Я налил. Калдырь выпил. Без всякого удовольствия, как лекарство.
— Однажды я понял, что не смогу выйти на смену. Дело к ночи, а я пьян настолько, что охрана не пустит меня в цех. Спьяну мне показалась хорошей идея выпить кофе. Взбодриться и прийти в себя. Я вломился в кафе через заднюю дверь, но оно уже было закрыто и хозяйка, ругаясь, выставила меня обратно на улицу. Я побрёл, будучи в полном отчаянии — не из-за того, что меня уволят, чёрт бы с ним, а из-за того, во что я превратился из-за собственной слабости. И вот чудо, я увидел, что бар открыт! Горит свет, играет музыка, сидят люди…
— Этот бар?
— Да, этот самый. Только бармен, конечно, был другой. Я хотел попросить у него кофе, но он, ничего не спрашивая, налил мне водки.
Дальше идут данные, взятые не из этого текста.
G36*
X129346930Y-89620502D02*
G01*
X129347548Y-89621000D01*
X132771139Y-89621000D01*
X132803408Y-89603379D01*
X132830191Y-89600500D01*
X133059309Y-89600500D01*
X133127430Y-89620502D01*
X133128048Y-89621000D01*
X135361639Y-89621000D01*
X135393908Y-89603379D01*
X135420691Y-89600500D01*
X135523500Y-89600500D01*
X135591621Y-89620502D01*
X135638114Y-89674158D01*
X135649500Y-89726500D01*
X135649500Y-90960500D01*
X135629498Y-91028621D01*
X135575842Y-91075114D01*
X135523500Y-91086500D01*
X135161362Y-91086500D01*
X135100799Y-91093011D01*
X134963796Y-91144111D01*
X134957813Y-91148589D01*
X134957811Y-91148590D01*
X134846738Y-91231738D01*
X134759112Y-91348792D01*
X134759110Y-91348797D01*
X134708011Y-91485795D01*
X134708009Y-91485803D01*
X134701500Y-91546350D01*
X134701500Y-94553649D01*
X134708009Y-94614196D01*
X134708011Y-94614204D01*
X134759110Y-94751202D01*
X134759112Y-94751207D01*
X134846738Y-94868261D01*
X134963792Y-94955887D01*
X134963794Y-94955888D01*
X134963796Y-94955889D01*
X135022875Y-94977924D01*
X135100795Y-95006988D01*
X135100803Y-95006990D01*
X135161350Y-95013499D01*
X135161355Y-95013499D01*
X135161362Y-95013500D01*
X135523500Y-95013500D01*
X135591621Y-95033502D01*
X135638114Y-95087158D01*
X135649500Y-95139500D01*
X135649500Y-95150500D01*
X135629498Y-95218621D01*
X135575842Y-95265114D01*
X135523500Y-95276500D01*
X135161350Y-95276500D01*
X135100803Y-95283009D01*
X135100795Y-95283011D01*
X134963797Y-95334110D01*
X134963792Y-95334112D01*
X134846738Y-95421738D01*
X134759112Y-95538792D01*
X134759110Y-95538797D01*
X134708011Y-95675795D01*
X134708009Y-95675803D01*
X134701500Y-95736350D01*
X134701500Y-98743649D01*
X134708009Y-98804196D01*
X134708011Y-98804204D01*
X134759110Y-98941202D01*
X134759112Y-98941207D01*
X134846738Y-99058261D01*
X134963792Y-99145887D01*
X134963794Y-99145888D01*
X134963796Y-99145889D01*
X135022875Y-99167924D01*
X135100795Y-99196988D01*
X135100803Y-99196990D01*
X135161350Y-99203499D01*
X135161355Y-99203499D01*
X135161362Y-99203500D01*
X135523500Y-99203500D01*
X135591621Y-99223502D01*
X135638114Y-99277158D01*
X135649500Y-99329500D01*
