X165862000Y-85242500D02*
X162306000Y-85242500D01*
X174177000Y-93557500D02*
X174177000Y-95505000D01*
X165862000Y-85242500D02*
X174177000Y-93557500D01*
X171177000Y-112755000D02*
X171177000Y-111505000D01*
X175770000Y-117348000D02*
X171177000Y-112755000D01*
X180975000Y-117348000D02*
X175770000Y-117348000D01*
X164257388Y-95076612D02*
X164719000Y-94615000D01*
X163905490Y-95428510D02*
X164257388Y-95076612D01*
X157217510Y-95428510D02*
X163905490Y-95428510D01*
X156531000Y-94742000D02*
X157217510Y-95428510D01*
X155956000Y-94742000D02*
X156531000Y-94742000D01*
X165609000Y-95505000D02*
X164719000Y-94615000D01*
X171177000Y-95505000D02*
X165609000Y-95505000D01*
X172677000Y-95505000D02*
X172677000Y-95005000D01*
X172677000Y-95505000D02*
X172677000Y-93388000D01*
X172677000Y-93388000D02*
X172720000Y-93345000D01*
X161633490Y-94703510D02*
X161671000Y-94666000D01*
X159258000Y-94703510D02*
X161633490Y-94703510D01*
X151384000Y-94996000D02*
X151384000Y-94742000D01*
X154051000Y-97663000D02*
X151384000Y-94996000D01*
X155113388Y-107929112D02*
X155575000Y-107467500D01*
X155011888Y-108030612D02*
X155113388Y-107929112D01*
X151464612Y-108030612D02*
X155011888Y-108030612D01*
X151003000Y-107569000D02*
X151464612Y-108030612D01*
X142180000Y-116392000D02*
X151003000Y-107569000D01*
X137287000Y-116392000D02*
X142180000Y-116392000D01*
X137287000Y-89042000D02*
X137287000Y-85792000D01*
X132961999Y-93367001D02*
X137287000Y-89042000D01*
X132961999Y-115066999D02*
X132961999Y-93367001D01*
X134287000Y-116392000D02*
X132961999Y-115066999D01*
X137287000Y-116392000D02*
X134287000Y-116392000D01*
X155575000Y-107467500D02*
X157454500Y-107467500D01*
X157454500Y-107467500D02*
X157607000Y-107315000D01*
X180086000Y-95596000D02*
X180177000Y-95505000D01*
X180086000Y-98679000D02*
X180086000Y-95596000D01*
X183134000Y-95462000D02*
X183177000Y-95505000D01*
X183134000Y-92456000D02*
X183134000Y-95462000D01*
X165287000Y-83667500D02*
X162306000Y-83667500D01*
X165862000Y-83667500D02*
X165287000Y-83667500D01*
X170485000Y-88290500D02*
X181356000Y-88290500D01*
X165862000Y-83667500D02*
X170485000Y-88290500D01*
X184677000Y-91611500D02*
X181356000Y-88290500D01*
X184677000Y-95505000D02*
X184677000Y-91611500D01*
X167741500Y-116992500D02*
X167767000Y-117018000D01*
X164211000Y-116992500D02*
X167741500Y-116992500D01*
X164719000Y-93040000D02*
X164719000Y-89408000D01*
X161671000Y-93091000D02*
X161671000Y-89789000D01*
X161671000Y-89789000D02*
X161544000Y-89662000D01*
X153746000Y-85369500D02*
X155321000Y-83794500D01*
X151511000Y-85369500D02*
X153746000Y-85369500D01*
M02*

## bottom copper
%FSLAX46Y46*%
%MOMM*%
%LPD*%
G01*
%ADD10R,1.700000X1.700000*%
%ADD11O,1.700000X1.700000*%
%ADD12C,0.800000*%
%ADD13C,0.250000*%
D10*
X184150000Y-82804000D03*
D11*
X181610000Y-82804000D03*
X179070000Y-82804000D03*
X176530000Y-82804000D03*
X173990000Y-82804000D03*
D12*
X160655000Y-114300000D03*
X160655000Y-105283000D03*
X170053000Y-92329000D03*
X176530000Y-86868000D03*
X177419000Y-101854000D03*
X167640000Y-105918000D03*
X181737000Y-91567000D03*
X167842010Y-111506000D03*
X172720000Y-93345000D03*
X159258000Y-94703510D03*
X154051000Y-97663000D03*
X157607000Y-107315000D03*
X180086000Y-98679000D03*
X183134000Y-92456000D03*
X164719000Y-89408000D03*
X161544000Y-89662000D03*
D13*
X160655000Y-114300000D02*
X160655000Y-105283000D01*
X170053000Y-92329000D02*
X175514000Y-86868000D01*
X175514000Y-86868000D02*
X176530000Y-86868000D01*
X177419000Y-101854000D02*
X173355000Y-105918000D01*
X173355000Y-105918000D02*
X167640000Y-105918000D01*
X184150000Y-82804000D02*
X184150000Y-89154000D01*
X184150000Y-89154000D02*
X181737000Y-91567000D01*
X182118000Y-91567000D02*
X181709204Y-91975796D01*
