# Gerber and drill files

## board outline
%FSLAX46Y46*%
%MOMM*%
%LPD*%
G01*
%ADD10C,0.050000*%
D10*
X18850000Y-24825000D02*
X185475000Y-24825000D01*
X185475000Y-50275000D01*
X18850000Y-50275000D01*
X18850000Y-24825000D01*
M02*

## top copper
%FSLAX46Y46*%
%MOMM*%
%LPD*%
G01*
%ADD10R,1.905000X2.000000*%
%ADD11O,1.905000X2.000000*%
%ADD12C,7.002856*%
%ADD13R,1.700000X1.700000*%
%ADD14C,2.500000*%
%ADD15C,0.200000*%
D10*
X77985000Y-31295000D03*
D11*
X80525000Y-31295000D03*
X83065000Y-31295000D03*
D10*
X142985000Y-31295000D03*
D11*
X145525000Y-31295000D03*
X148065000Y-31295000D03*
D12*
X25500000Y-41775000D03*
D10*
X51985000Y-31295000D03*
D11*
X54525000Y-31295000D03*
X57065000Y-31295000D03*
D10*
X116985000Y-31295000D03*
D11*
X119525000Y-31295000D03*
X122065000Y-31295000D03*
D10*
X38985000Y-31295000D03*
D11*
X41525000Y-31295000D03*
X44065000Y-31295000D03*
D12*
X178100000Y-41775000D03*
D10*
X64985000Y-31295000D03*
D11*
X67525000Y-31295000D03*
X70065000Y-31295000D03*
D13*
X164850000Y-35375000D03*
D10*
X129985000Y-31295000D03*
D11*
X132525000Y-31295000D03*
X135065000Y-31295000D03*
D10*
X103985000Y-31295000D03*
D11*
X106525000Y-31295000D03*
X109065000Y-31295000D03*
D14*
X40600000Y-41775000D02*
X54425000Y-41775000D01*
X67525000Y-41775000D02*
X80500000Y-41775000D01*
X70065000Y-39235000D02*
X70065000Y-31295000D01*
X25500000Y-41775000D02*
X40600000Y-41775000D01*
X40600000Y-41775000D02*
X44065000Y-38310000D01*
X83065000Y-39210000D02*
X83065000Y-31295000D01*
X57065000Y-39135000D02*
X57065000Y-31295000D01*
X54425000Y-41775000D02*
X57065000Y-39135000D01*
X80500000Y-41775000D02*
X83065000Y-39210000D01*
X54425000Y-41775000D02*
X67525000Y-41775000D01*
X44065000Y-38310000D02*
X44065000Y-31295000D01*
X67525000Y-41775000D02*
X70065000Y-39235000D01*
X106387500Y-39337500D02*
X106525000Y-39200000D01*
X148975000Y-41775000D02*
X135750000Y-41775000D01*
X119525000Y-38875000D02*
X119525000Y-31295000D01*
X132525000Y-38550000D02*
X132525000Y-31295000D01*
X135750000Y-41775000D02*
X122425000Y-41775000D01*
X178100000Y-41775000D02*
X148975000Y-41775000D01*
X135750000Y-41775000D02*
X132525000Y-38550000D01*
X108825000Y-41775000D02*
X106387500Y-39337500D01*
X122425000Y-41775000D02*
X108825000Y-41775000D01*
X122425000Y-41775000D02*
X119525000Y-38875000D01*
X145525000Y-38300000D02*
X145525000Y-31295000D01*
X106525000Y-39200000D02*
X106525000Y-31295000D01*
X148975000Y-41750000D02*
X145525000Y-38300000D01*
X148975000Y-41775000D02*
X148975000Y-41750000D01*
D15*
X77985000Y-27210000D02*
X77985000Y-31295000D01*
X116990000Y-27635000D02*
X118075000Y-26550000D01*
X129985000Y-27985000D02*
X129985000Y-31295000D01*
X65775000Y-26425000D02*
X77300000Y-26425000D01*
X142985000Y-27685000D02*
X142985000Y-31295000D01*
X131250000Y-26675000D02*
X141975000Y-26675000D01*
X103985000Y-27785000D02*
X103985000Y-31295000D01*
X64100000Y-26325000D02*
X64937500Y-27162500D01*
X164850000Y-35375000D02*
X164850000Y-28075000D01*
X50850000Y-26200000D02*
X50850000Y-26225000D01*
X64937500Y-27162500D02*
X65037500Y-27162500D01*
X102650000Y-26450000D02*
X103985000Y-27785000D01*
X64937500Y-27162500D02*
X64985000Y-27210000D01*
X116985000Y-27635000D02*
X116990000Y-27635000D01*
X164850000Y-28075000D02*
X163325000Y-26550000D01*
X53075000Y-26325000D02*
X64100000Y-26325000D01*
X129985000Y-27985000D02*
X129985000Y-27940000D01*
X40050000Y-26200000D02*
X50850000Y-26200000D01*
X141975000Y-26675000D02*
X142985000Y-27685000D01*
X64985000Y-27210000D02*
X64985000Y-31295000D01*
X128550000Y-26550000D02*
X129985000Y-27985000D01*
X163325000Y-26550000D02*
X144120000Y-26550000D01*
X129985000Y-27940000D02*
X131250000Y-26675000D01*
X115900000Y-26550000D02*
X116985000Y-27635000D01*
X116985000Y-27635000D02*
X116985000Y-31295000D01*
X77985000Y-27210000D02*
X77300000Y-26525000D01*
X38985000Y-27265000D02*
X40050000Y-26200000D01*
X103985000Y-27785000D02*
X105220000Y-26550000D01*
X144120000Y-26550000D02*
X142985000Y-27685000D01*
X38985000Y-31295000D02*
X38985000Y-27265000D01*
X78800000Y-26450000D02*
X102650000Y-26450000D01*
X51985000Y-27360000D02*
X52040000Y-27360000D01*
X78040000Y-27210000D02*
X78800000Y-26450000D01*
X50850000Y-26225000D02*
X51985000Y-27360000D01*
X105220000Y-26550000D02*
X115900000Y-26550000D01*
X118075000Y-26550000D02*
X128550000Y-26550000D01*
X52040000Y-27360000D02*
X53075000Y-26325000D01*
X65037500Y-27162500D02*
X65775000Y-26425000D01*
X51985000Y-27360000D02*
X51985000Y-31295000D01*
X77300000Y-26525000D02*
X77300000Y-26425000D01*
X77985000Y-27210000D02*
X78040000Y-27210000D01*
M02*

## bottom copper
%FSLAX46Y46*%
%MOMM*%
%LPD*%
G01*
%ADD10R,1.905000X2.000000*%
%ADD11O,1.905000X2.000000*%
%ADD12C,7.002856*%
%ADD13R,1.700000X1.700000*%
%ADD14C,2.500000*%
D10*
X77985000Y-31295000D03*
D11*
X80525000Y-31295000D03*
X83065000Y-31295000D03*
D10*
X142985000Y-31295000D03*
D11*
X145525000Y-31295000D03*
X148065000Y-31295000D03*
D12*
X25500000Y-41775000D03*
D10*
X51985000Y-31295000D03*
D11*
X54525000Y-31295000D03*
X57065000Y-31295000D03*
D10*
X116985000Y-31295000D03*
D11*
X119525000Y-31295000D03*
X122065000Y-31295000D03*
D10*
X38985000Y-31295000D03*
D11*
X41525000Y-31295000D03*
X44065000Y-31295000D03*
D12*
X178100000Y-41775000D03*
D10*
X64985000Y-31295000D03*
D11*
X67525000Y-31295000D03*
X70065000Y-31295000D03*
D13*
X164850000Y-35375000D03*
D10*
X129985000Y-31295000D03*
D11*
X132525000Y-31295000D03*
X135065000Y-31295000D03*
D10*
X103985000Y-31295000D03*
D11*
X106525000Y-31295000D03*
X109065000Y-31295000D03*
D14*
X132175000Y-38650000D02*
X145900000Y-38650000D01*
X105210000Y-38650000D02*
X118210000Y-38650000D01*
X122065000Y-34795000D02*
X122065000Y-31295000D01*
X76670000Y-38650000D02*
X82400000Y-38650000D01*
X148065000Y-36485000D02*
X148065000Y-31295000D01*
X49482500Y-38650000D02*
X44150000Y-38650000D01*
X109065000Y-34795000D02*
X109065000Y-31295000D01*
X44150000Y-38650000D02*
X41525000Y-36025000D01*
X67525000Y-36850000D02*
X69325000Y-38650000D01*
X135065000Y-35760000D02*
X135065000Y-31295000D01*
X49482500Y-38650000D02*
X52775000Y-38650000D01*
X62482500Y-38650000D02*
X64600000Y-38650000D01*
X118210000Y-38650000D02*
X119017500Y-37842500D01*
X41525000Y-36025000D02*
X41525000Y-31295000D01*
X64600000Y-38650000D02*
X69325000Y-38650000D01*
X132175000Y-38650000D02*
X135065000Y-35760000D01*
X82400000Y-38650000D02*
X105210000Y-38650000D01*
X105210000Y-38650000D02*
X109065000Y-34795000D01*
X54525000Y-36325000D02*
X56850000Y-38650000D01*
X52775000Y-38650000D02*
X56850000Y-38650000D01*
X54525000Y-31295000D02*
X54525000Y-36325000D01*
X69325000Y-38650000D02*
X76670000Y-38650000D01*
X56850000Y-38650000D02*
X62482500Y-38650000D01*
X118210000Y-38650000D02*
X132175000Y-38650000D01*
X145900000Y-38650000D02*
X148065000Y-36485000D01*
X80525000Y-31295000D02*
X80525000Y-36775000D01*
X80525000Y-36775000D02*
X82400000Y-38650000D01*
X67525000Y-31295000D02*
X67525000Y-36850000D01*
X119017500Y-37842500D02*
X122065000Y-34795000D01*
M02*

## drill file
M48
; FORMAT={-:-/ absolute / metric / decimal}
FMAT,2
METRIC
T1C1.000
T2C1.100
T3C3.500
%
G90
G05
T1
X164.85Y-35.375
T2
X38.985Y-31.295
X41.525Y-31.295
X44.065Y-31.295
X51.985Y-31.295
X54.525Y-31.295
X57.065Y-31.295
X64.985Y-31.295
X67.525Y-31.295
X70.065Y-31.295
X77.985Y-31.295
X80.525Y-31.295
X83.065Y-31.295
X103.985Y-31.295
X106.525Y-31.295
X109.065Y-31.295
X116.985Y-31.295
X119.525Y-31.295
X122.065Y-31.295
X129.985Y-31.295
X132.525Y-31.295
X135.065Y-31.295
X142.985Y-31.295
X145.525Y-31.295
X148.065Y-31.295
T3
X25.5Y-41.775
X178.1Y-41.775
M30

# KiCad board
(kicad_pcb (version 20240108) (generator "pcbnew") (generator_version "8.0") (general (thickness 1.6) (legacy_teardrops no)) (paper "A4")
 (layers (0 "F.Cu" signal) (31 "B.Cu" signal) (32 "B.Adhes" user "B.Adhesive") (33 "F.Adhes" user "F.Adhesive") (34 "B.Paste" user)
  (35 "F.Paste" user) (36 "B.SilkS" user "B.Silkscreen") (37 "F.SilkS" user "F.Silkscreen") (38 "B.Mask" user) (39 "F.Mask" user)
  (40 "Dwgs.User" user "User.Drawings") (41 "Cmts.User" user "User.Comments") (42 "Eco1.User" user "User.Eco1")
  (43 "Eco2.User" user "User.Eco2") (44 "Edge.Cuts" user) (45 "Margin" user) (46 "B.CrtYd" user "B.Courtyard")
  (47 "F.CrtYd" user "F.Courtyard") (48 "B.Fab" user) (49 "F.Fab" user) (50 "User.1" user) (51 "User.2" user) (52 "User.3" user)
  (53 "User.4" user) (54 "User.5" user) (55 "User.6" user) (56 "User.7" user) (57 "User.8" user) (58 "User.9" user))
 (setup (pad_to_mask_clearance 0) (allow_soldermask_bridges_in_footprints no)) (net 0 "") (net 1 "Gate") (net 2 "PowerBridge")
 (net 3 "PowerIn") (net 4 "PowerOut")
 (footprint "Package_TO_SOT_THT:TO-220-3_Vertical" (layer "F.Cu") (at 77.985 31.295)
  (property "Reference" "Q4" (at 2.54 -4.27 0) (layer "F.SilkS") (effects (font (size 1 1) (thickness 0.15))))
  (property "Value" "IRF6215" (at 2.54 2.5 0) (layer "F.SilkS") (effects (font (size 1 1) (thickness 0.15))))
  (pad "1" thru_hole rect (at 0 0) (size 1.905 2) (drill 1.1) (layers "*.Cu" "*.Mask") (remove_unused_layers no) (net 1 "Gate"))
  (pad "2" thru_hole oval (at 2.54 0) (size 1.905 2) (drill 1.1) (layers "*.Cu" "*.Mask") (remove_unused_layers no) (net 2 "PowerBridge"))
  (pad "3" thru_hole oval (at 5.08 0) (size 1.905 2) (drill 1.1) (layers "*.Cu" "*.Mask") (remove_unused_layers no) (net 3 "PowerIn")))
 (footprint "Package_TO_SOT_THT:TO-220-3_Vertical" (layer "F.Cu") (at 142.985 31.295)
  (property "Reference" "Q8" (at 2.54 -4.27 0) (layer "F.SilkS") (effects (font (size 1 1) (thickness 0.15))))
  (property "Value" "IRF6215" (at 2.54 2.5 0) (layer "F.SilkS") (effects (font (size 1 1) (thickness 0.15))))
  (pad "1" thru_hole rect (at 0 0) (size 1.905 2) (drill 1.1) (layers "*.Cu" "*.Mask") (remove_unused_layers no) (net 1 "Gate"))
  (pad "2" thru_hole oval (at 2.54 0) (size 1.905 2) (drill 1.1) (layers "*.Cu" "*.Mask") (remove_unused_layers no) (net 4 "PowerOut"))
  (pad "3" thru_hole oval (at 5.08 0) (size 1.905 2) (drill 1.1) (layers "*.Cu" "*.Mask") (remove_unused_layers no) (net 2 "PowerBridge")))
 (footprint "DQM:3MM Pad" (layer "F.Cu") (at 25.5 41.775)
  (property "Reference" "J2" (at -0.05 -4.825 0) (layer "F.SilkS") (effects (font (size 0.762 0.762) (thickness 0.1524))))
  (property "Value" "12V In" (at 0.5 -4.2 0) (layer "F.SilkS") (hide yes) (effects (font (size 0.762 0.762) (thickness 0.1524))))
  (pad "1" thru_hole circle (at 0 0) (size 7.002856 7.002856) (drill 3.5) (layers "*.Cu" "*.Mask") (remove_unused_layers no)
   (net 3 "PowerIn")))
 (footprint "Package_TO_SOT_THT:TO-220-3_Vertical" (layer "F.Cu") (at 51.985 31.295)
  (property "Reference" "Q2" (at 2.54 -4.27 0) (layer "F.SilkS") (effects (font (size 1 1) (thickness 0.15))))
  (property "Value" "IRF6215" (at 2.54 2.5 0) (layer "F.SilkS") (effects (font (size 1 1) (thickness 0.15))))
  (pad "1" thru_hole rect (at 0 0) (size 1.905 2) (drill 1.1) (layers "*.Cu" "*.Mask") (remove_unused_layers no) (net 1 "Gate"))
  (pad "2" thru_hole oval (at 2.54 0) (size 1.905 2) (drill 1.1) (layers "*.Cu" "*.Mask") (remove_unused_layers no) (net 2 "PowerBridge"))
  (pad "3" thru_hole oval (at 5.08 0) (size 1.905 2) (drill 1.1) (layers "*.Cu" "*.Mask") (remove_unused_layers no) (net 3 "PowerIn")))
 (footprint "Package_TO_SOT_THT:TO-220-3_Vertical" (layer "F.Cu") (at 116.985 31.295)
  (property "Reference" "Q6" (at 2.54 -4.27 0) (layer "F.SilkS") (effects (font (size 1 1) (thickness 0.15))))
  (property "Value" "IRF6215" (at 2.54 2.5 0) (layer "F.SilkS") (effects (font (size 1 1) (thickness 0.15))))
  (pad "1" thru_hole rect (at 0 0) (size 1.905 2) (drill 1.1) (layers "*.Cu" "*.Mask") (remove_unused_layers no) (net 1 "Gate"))
  (pad "2" thru_hole oval (at 2.54 0) (size 1.905 2) (drill 1.1) (layers "*.Cu" "*.Mask") (remove_unused_layers no) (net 4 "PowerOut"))
  (pad "3" thru_hole oval (at 5.08 0) (size 1.905 2) (drill 1.1) (layers "*.Cu" "*.Mask") (remove_unused_layers no) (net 2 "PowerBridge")))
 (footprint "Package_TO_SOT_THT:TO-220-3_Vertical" (layer "F.Cu") (at 38.985 31.295)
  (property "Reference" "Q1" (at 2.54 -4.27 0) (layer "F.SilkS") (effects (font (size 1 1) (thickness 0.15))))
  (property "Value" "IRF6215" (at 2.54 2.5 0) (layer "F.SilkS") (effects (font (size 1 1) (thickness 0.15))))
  (pad "1" thru_hole rect (at 0 0) (size 1.905 2) (drill 1.1) (layers "*.Cu" "*.Mask") (remove_unused_layers no) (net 1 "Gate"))
  (pad "2" thru_hole oval (at 2.54 0) (size 1.905 2) (drill 1.1) (layers "*.Cu" "*.Mask") (remove_unused_layers no) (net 2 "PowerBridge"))
  (pad "3" thru_hole oval (at 5.08 0) (size 1.905 2) (drill 1.1) (layers "*.Cu" "*.Mask") (remove_unused_layers no) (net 3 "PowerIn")))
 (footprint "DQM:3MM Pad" (layer "F.Cu") (at 178.1 41.775)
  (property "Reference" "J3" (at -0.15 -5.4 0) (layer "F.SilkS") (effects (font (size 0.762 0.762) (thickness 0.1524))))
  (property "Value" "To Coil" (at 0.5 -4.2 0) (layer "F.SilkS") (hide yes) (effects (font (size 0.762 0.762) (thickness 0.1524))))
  (pad "1" thru_hole circle (at 0 0) (size 7.002856 7.002856) (drill 3.5) (layers "*.Cu" "*.Mask") (remove_unused_layers no)
   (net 4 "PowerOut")))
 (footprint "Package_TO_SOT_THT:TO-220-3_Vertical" (layer "F.Cu") (at 64.985 31.295)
Я машинально выпил, и, внезапно, почувствовал себя лучше. В расстроенных чувствах рассказал ему, в какую задницу встрял, каким говном стал, и как мне от всего этого хреново. Он налил мне ещё и сказал: «Всё яд, и всё лекарство». Я трезвел с каждой рюмкой. Так и досидел до закрытия, когда бармен попросил меня отвести домой мужа хозяйки кафе. Я отвёл, сдал на руки тело, вышел, пошёл на работу — совершенно трезвым. На следующий день проснулся пьяным, побрёл к бару спросить, как так вышло, но бар снова был закрыт. И больше не открывался, пока не приехал ты. С тех пор у меня, как ты выразился, «уникальный метаболизм», но к самогонщикам я ни ногой. Вот такая история, Роберт. Теперь ты можешь посмеяться и сказать, что я сошёл с ума, пропил мозги и прочее, что говорят обычно в таких случаях.
— Бывает, — сказал я просто.
— Может быть, тот бар, в котором ты, якобы, выпивал в день приезда, был тот же самый! Загадочный пропадающий бар! Это как в старых сказках, где в городе загадочная лавочка, зайдя в которую можно купить что-то очень волшебное, но когда приходишь туда на следующий день, то её уже нет… Слышал такие истории?
— Слышал, — кивнул я. — В детстве я мечтал такую найти. Но, повзрослев, понял, что ни одна из тех историй не закончилась хорошо. Товары из таких лавочек не идут людям впрок.
— Значит, сейчас ты бы в её дверь не вошёл?
— Нет, — ответил я кратко.
— Почему?
— В такую дверь можно войти только раз. Ещё рюмку, на посошок? А то пора закрываться.
— Нет, я уже достаточно трезв. Пойду. Спасибо, ты даже не представляешь, как я тебе благодарен.
— Полночь, — сердитым вороном каркнула Швабра. — Мой рабочий день кончился. Убери это, чтобы я могла протереть стол.
Она показала на спящего мужа Мадам Пирожок. Заебисьман уже ушёл, и мы остались втроём.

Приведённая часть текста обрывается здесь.